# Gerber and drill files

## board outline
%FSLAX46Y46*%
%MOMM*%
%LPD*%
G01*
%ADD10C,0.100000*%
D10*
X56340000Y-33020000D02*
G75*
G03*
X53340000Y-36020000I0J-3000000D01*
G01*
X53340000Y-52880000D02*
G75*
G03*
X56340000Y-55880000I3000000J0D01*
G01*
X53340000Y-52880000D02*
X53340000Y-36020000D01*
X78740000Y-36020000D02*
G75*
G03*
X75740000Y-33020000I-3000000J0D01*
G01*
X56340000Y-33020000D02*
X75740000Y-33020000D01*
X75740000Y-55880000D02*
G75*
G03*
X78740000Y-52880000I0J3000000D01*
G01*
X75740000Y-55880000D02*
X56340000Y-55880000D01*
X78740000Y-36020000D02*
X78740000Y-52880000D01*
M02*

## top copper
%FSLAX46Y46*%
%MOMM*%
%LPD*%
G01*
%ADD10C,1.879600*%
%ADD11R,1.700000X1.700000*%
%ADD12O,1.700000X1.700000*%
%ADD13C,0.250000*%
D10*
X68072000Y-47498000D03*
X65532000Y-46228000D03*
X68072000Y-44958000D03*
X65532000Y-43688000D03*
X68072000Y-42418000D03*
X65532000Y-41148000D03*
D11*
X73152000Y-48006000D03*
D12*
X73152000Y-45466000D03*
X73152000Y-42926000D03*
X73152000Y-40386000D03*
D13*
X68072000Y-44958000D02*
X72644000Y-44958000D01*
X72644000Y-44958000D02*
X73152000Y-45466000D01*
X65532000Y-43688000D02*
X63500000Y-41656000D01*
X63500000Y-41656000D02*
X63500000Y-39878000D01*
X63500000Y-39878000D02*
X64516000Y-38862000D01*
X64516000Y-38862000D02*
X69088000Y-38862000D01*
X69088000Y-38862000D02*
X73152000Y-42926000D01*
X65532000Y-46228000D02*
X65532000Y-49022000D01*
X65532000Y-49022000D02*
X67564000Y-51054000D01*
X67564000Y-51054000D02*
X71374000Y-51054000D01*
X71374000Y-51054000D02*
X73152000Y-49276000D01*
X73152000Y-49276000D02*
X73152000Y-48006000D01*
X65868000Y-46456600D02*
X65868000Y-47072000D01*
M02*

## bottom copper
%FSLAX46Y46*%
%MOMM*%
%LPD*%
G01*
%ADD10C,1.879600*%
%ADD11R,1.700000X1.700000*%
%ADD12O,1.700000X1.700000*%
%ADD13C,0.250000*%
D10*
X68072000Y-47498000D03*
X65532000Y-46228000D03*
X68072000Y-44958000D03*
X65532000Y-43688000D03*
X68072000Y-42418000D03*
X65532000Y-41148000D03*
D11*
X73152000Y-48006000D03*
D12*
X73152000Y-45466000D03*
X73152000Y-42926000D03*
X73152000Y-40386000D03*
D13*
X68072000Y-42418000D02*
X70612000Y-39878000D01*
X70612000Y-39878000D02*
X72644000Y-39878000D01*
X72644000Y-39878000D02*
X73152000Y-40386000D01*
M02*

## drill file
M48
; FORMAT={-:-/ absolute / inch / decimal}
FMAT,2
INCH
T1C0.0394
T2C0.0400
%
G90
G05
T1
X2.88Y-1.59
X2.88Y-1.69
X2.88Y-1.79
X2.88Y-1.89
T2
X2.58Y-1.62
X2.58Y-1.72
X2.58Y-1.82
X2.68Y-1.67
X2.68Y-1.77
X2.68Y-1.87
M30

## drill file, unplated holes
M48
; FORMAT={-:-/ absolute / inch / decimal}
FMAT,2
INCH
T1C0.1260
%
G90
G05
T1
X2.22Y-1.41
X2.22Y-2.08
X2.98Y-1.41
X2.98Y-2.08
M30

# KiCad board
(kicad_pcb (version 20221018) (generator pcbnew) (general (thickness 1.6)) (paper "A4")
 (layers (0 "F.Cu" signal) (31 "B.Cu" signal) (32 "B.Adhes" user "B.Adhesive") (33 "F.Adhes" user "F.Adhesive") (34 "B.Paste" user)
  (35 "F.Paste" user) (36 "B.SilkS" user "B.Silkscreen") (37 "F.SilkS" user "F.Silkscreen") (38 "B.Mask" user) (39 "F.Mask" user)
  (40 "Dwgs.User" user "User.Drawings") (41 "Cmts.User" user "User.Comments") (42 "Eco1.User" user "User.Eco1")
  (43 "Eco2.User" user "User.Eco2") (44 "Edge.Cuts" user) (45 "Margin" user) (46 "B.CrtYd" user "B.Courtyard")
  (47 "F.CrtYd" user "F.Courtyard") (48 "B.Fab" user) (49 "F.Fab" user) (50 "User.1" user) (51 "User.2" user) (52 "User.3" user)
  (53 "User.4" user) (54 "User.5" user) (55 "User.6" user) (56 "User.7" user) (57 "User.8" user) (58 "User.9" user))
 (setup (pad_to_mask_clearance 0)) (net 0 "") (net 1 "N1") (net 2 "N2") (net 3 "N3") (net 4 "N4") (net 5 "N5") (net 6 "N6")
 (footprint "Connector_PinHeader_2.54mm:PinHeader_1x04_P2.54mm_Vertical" (layer "F.Cu") (at 73.152 48.006 180)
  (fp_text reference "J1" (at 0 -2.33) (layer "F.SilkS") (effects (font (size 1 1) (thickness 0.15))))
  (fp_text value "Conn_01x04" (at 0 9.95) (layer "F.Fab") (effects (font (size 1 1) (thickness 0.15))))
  (pad "1" thru_hole rect (at 0 0 180) (size 1.7 1.7) (drill 1) (layers "*.Cu" "*.Mask") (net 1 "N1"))
  (pad "2" thru_hole oval (at 0 2.54 180) (size 1.7 1.7) (drill 1) (layers "*.Cu" "*.Mask") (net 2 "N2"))
  (pad "3" thru_hole oval (at 0 5.08 180) (size 1.7 1.7) (drill 1) (layers "*.Cu" "*.Mask") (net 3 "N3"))
  (pad "4" thru_hole oval (at 0 7.62 180) (size 1.7 1.7) (drill 1) (layers "*.Cu" "*.Mask") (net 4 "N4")))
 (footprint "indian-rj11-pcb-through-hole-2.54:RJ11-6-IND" (layer "F.Cu") (at 63.672 44.328 -90)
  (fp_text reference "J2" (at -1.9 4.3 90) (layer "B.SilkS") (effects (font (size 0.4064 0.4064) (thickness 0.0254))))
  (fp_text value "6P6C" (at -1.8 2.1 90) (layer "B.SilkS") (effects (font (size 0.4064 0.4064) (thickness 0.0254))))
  (pad "1" thru_hole circle (at 3.17 -4.4 90) (size 1.8796 1.8796) (drill 1.016) (layers "F&B.Cu" "F.Paste" "F.SilkS" "F.Mask") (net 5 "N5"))
  (pad "2" thru_hole circle (at 1.9 -1.86 90) (size 1.8796 1.8796) (drill 1.016) (layers "F&B.Cu" "F.Paste" "F.SilkS" "F.Mask") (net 1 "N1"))
  (pad "3" thru_hole circle (at 0.63 -4.4 90) (size 1.8796 1.8796) (drill 1.016) (layers "F&B.Cu" "F.Paste" "F.SilkS" "F.Mask") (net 2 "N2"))
  (pad "4" thru_hole circle (at -0.64 -1.86 90) (size 1.8796 1.8796) (drill 1.016) (layers "F&B.Cu" "F.Paste" "F.SilkS" "F.Mask")
   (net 3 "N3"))
  (pad "5" thru_hole circle (at -1.91 -4.4 90) (size 1.8796 1.8796) (drill 1.016) (layers "F&B.Cu" "F.Paste" "F.SilkS" "F.Mask")
   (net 4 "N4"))
  (pad "6" thru_hole circle (at -3.18 -1.86 90) (size 1.8796 1.8796) (drill 1.016) (layers "F&B.Cu" "F.Paste" "F.SilkS" "F.Mask")
   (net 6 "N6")))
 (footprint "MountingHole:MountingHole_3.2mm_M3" (layer "F.Cu") (at 56.388 52.832)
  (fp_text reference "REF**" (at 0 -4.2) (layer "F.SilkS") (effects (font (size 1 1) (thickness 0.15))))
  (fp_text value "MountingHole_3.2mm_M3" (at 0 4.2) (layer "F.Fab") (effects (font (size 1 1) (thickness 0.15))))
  (pad "" np_thru_hole circle (at 0 0) (size 3.2 3.2) (drill 3.2) (layers "*.Cu" "*.Mask")))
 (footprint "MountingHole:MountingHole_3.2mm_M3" (layer "F.Cu") (at 75.692 52.832)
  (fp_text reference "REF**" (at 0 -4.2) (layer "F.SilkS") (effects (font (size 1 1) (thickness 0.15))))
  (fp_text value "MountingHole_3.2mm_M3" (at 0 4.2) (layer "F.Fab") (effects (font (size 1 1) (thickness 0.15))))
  (pad "" np_thru_hole circle (at 0 0) (size 3.2 3.2) (drill 3.2) (layers "*.Cu" "*.Mask")))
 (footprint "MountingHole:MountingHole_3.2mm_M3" (layer "F.Cu") (at 75.692 35.814)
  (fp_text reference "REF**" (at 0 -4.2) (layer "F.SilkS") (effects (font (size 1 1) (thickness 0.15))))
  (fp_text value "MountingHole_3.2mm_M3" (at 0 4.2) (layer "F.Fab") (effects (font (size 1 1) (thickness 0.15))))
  (pad "" np_thru_hole circle (at 0 0) (size 3.2 3.2) (drill 3.2) (layers "*.Cu" "*.Mask")))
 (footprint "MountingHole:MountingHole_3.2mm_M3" (layer "F.Cu") (at 56.388 35.814)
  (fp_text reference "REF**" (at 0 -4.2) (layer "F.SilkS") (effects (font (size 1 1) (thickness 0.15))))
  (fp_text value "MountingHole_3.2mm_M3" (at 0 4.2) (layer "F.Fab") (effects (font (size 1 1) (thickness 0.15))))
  (pad "" np_thru_hole circle (at 0 0) (size 3.2 3.2) (drill 3.2) (layers "*.Cu" "*.Mask")))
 (gr_arc (start 75.74 33.02) (mid 77.86132 33.89868) (end 78.74 36.02) (stroke (width 0.1) (type default)) (layer "Edge.Cuts"))
 (gr_line (start 53.34 52.88) (end 53.34 36.02) (stroke (width 0.1) (type default)) (layer "Edge.Cuts"))
 (gr_line (start 56.34 33.02) (end 75.74 33.02) (stroke (width 0.1) (type default)) (layer "Edge.Cuts"))
 (gr_arc (start 56.34 55.88) (mid 54.21868 55.00132) (end 53.34 52.88) (stroke (width 0.1) (type default)) (layer "Edge.Cuts"))
 (gr_line (start 78.74 36.02) (end 78.74 52.88) (stroke (width 0.1) (type default)) (layer "Edge.Cuts"))
 (gr_line (start 75.74 55.88) (end 56.34 55.88) (stroke (width 0.1) (type default)) (layer "Edge.Cuts"))
 (gr_arc (start 53.34 36.02) (mid 54.21868 33.89868) (end 56.34 33.02) (stroke (width 0.1) (type default)) (layer "Edge.Cuts"))
 (gr_arc (start 78.74 52.88) (mid 77.86132 55.00132) (end 75.74 55.88) (stroke (width 0.1) (type default)) (layer "Edge.Cuts"))
 (segment (start 73.152 49.276) (end 73.152 48.006) (width 0.25) (layer "F.Cu") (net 1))
 (segment (start 65.868 46.4566) (end 65.868 47.072) (width 0.25) (layer "F.Cu") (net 1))
 (segment (start 65.532 46.228) (end 65.532 49.022) (width 0.25) (layer "F.Cu") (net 1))
 (segment (start 71.374 51.054) (end 73.152 49.276) (width 0.25) (layer "F.Cu") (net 1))
 (segment (start 67.564 51.054) (end 71.374 51.054) (width 0.25) (layer "F.Cu") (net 1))
 (segment (start 65.532 49.022) (end 67.564 51.054) (width 0.25) (layer "F.Cu") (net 1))
 (segment (start 72.644 44.958) (end 73.152 45.466) (width 0.25) (layer "F.Cu") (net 2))
 (segment (start 68.072 44.958) (end 72.644 44.958) (width 0.25) (layer "F.Cu") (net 2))
 (segment (start 63.5 41.656) (end 63.5 39.878) (width 0.25) (layer "F.Cu") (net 3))
 (segment (start 65.532 43.688) (end 63.5 41.656) (width 0.25) (layer "F.Cu") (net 3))
 (segment (start 63.5 39.878) (end 64.516 38.862) (width 0.25) (layer "F.Cu") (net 3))
 (segment (start 69.088 38.862) (end 73.152 42.926) (width 0.25) (layer "F.Cu") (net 3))
 (segment (start 64.516 38.862) (end 69.088 38.862) (width 0.25) (layer "F.Cu") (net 3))
 (segment (start 68.072 42.418) (end 70.612 39.878) (width 0.25) (layer "B.Cu") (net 4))
 (segment (start 70.612 39.878) (end 72.644 39.878) (width 0.25) (layer "B.Cu") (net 4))
 (segment (start 72.644 39.878) (end 73.152 40.386) (width 0.25) (layer "B.Cu") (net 4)))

════════════════════

* _Assigned task_
Lines holding the word "CrtYd" should be copied from the entries above.

* _Result_
  (43 "Eco2.User" user "User.Eco2") (44 "Edge.Cuts" user) (45 "Margin" user) (46 "B.CrtYd" user "B.Courtyard")
  (47 "F.CrtYd" user "F.Courtyard") (48 "B.Fab" user) (49 "F.Fab" user) (50 "User.1" user) (51 "User.2" user) (52 "User.3" user)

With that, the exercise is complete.